This exercise calls for the line with "X142200000Y-105973655D02*", the line with "X170200000Y-93850000D01*", and all lines between them in the material below, output exactly and with no other lines.

━━━━━━━━━━━━━━━━

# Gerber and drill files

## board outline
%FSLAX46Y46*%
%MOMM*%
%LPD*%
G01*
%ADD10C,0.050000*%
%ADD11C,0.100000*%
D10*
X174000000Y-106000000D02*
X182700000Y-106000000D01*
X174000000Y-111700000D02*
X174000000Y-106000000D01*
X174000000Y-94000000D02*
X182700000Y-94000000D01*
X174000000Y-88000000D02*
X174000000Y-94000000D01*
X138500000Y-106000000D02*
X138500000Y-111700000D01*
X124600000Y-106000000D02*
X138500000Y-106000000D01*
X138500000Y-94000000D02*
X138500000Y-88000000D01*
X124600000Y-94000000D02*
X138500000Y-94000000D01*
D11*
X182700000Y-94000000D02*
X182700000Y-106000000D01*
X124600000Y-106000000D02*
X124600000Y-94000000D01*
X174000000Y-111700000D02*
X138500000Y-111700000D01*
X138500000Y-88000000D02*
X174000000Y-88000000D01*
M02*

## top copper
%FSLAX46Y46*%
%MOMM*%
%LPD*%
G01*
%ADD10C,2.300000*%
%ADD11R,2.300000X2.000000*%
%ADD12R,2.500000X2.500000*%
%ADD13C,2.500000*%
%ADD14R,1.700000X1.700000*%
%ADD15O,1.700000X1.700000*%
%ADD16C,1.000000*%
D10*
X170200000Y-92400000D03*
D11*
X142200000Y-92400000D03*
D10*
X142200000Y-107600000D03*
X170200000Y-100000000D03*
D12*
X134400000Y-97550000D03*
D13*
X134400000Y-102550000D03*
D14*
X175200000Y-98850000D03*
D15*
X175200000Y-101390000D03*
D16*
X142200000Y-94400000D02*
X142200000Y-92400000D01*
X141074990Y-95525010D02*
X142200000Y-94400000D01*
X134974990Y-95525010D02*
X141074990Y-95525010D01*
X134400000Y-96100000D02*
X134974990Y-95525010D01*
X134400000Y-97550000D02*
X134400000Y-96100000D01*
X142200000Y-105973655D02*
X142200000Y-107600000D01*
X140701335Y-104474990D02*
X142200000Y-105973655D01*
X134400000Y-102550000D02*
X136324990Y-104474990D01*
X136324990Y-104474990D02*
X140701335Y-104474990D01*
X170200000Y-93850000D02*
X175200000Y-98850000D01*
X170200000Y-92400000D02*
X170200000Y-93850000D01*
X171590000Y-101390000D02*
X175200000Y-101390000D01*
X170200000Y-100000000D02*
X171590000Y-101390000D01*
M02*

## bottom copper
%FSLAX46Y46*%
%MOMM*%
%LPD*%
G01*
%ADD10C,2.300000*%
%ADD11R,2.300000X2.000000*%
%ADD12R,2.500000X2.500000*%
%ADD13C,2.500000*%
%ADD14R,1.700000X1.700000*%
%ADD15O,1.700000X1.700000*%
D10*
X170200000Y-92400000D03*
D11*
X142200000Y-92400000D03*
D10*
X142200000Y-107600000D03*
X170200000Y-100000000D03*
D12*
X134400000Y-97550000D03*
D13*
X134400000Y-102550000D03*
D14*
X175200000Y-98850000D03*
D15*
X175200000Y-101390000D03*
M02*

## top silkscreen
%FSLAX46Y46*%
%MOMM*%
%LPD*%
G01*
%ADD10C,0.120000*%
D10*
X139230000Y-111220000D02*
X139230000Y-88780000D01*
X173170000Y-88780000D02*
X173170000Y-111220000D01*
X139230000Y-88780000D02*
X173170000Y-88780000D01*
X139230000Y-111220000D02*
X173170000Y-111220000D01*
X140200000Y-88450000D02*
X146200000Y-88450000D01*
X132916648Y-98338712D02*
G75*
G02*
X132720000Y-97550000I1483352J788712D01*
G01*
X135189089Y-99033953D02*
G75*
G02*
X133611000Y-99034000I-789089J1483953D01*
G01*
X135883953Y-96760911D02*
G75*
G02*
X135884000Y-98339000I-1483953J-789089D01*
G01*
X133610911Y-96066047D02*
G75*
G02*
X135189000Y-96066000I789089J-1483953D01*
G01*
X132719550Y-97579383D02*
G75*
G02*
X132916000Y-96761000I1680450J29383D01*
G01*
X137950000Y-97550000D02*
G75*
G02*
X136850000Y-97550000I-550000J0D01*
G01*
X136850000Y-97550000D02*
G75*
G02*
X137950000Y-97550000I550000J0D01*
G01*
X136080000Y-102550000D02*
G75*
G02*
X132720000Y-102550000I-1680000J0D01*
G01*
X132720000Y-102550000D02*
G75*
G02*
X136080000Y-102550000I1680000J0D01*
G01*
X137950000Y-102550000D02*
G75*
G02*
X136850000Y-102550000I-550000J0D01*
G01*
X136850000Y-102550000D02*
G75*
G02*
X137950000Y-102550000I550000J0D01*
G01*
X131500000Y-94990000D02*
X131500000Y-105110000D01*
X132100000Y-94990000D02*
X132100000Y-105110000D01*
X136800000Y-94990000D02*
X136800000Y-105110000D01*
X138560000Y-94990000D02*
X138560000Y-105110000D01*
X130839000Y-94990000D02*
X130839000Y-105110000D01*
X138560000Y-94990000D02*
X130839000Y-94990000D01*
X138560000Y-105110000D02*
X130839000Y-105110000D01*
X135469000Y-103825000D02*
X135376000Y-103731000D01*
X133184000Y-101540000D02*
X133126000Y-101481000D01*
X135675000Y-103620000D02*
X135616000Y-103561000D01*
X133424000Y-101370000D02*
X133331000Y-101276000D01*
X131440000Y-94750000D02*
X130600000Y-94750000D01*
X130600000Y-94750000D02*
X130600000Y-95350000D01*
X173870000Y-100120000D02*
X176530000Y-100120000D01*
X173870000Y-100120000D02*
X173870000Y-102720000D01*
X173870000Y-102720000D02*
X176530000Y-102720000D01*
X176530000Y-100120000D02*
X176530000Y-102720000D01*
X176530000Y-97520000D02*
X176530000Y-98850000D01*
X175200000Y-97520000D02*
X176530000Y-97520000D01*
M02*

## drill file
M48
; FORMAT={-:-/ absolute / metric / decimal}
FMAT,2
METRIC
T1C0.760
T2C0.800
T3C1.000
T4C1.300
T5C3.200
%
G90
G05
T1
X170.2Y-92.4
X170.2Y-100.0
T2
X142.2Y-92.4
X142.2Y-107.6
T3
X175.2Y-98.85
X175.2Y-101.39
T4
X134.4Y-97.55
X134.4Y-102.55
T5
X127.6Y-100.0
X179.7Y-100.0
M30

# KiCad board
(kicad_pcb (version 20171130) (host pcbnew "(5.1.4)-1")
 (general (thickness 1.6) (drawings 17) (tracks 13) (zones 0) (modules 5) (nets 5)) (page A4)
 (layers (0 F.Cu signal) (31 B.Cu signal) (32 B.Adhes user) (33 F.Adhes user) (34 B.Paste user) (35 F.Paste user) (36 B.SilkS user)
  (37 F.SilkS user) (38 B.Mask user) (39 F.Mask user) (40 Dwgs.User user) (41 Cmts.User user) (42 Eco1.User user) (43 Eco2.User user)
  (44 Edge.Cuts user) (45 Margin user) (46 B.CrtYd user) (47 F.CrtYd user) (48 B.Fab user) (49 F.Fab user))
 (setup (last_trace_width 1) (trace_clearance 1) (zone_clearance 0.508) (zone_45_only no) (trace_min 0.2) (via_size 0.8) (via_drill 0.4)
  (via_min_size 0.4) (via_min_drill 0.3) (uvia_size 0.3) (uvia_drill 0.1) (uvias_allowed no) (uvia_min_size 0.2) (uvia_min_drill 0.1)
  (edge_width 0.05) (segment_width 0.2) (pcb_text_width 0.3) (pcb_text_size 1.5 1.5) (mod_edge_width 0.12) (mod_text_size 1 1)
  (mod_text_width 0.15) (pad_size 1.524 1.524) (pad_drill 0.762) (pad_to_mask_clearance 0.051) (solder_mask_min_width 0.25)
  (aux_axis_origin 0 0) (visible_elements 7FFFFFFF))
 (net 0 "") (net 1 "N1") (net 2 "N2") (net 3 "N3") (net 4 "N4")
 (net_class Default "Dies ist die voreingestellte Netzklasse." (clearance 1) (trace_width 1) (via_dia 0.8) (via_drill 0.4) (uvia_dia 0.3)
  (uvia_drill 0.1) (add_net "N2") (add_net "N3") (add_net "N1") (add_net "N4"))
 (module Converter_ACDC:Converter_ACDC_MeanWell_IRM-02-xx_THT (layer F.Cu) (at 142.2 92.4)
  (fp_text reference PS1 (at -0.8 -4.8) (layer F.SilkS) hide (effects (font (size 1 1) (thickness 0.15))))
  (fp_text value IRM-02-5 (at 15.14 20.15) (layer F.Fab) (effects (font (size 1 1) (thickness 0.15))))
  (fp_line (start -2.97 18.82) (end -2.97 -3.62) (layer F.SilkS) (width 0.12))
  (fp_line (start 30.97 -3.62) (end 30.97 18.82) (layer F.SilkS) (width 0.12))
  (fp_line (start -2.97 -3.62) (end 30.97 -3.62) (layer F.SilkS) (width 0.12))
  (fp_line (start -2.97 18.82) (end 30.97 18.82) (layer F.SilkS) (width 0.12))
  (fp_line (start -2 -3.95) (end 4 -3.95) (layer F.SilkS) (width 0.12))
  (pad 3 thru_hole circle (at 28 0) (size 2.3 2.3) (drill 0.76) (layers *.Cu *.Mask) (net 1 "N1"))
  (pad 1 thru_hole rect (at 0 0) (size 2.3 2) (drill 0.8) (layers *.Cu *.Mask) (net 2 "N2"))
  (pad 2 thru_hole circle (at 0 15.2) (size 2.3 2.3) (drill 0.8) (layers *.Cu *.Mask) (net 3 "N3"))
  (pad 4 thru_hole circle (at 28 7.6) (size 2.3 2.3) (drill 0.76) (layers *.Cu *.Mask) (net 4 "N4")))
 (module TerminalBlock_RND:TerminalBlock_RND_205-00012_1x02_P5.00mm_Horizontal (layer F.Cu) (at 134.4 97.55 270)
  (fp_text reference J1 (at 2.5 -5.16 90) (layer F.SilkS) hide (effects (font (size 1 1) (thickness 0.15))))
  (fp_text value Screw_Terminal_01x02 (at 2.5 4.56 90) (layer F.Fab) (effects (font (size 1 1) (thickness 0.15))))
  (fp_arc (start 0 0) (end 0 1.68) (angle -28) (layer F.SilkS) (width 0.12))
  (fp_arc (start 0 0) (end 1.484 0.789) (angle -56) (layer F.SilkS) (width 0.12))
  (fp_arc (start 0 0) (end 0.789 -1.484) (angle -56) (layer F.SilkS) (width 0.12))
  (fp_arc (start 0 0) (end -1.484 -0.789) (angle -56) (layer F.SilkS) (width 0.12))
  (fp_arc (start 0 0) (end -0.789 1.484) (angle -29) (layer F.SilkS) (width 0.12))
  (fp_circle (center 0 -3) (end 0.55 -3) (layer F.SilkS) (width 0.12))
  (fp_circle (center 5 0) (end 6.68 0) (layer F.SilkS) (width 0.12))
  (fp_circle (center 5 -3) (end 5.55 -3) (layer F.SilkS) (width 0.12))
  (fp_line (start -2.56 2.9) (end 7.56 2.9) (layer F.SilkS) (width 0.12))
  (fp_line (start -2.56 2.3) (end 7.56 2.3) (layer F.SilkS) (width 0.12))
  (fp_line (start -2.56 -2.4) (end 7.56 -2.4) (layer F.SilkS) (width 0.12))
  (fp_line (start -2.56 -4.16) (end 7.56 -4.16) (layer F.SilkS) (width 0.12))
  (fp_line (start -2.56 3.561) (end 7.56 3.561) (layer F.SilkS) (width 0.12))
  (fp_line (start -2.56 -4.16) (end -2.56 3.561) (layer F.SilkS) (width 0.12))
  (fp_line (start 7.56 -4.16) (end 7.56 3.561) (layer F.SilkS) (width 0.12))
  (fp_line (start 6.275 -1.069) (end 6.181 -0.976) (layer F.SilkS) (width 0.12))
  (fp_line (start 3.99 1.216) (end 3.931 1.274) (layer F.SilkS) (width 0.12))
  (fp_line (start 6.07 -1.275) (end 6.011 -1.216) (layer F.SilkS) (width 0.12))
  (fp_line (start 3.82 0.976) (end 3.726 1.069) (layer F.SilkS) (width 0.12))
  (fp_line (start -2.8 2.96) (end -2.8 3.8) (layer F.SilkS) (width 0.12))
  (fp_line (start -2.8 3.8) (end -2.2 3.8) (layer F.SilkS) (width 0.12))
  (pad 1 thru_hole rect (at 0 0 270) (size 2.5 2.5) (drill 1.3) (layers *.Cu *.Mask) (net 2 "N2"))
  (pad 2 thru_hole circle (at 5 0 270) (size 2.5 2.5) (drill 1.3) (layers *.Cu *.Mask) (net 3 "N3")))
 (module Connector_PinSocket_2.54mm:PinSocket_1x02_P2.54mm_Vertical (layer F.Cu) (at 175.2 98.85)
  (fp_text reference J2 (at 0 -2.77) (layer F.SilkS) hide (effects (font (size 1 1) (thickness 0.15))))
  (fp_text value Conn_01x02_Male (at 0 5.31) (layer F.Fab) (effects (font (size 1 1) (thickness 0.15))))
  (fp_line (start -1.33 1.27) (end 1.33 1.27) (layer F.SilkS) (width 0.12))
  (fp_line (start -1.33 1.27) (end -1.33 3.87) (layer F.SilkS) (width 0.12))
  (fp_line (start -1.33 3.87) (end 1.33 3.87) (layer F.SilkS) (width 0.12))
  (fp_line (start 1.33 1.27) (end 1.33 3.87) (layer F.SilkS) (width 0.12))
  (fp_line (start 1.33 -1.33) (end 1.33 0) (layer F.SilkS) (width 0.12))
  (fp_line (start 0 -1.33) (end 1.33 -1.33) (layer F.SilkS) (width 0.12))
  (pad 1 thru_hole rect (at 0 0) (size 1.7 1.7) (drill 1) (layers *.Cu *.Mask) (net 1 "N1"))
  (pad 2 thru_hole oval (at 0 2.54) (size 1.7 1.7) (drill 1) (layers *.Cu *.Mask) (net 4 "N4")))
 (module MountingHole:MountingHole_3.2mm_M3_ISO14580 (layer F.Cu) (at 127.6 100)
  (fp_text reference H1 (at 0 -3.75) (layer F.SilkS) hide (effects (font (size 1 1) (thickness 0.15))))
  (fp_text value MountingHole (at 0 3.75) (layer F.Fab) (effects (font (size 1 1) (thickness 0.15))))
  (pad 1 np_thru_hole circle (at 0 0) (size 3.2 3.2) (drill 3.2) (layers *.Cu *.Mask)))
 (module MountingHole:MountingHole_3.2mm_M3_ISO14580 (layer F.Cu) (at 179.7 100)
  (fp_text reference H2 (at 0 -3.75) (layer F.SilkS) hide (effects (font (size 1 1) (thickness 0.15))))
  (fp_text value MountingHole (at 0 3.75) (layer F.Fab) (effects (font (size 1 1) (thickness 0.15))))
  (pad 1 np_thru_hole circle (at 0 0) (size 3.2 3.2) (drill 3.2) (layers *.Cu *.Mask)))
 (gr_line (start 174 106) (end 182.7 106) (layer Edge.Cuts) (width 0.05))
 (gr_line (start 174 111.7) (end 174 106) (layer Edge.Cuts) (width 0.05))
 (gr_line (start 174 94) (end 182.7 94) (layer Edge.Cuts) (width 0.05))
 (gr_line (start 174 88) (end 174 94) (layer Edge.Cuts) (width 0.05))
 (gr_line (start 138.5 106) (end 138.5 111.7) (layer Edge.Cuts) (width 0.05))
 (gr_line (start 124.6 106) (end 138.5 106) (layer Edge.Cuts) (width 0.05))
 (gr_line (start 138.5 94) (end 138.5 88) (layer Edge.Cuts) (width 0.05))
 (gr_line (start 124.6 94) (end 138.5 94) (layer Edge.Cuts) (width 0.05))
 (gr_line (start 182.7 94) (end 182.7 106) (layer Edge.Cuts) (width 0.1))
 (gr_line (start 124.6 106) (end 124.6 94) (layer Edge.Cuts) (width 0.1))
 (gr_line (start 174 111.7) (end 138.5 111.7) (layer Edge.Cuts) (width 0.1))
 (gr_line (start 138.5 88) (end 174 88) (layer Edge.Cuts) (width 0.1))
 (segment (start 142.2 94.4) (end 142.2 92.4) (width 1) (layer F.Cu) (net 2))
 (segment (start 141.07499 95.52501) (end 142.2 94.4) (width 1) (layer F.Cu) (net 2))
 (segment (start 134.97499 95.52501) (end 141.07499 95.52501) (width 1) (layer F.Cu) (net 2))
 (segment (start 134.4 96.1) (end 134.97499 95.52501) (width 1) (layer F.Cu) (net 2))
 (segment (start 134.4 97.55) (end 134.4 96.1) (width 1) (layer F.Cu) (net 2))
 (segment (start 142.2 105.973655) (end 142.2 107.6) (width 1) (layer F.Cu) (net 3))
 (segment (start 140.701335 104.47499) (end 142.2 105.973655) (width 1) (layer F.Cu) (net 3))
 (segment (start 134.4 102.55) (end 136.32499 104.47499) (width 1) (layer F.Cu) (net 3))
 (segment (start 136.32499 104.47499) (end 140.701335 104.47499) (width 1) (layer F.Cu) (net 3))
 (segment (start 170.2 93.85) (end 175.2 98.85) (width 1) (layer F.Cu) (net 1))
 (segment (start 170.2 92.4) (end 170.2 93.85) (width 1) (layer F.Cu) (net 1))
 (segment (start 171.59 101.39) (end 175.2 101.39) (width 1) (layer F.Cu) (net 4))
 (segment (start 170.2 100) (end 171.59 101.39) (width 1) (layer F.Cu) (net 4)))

━━━━━━━━━━━━━━━━

**Response:**
X142200000Y-105973655D02*
X142200000Y-107600000D01*
X140701335Y-104474990D02*
X142200000Y-105973655D01*
X134400000Y-102550000D02*
X136324990Y-104474990D01*
X136324990Y-104474990D02*
X140701335Y-104474990D01*
X170200000Y-93850000D02*
X175200000Y-98850000D01*
X170200000Y-92400000D02*
X170200000Y-93850000D01*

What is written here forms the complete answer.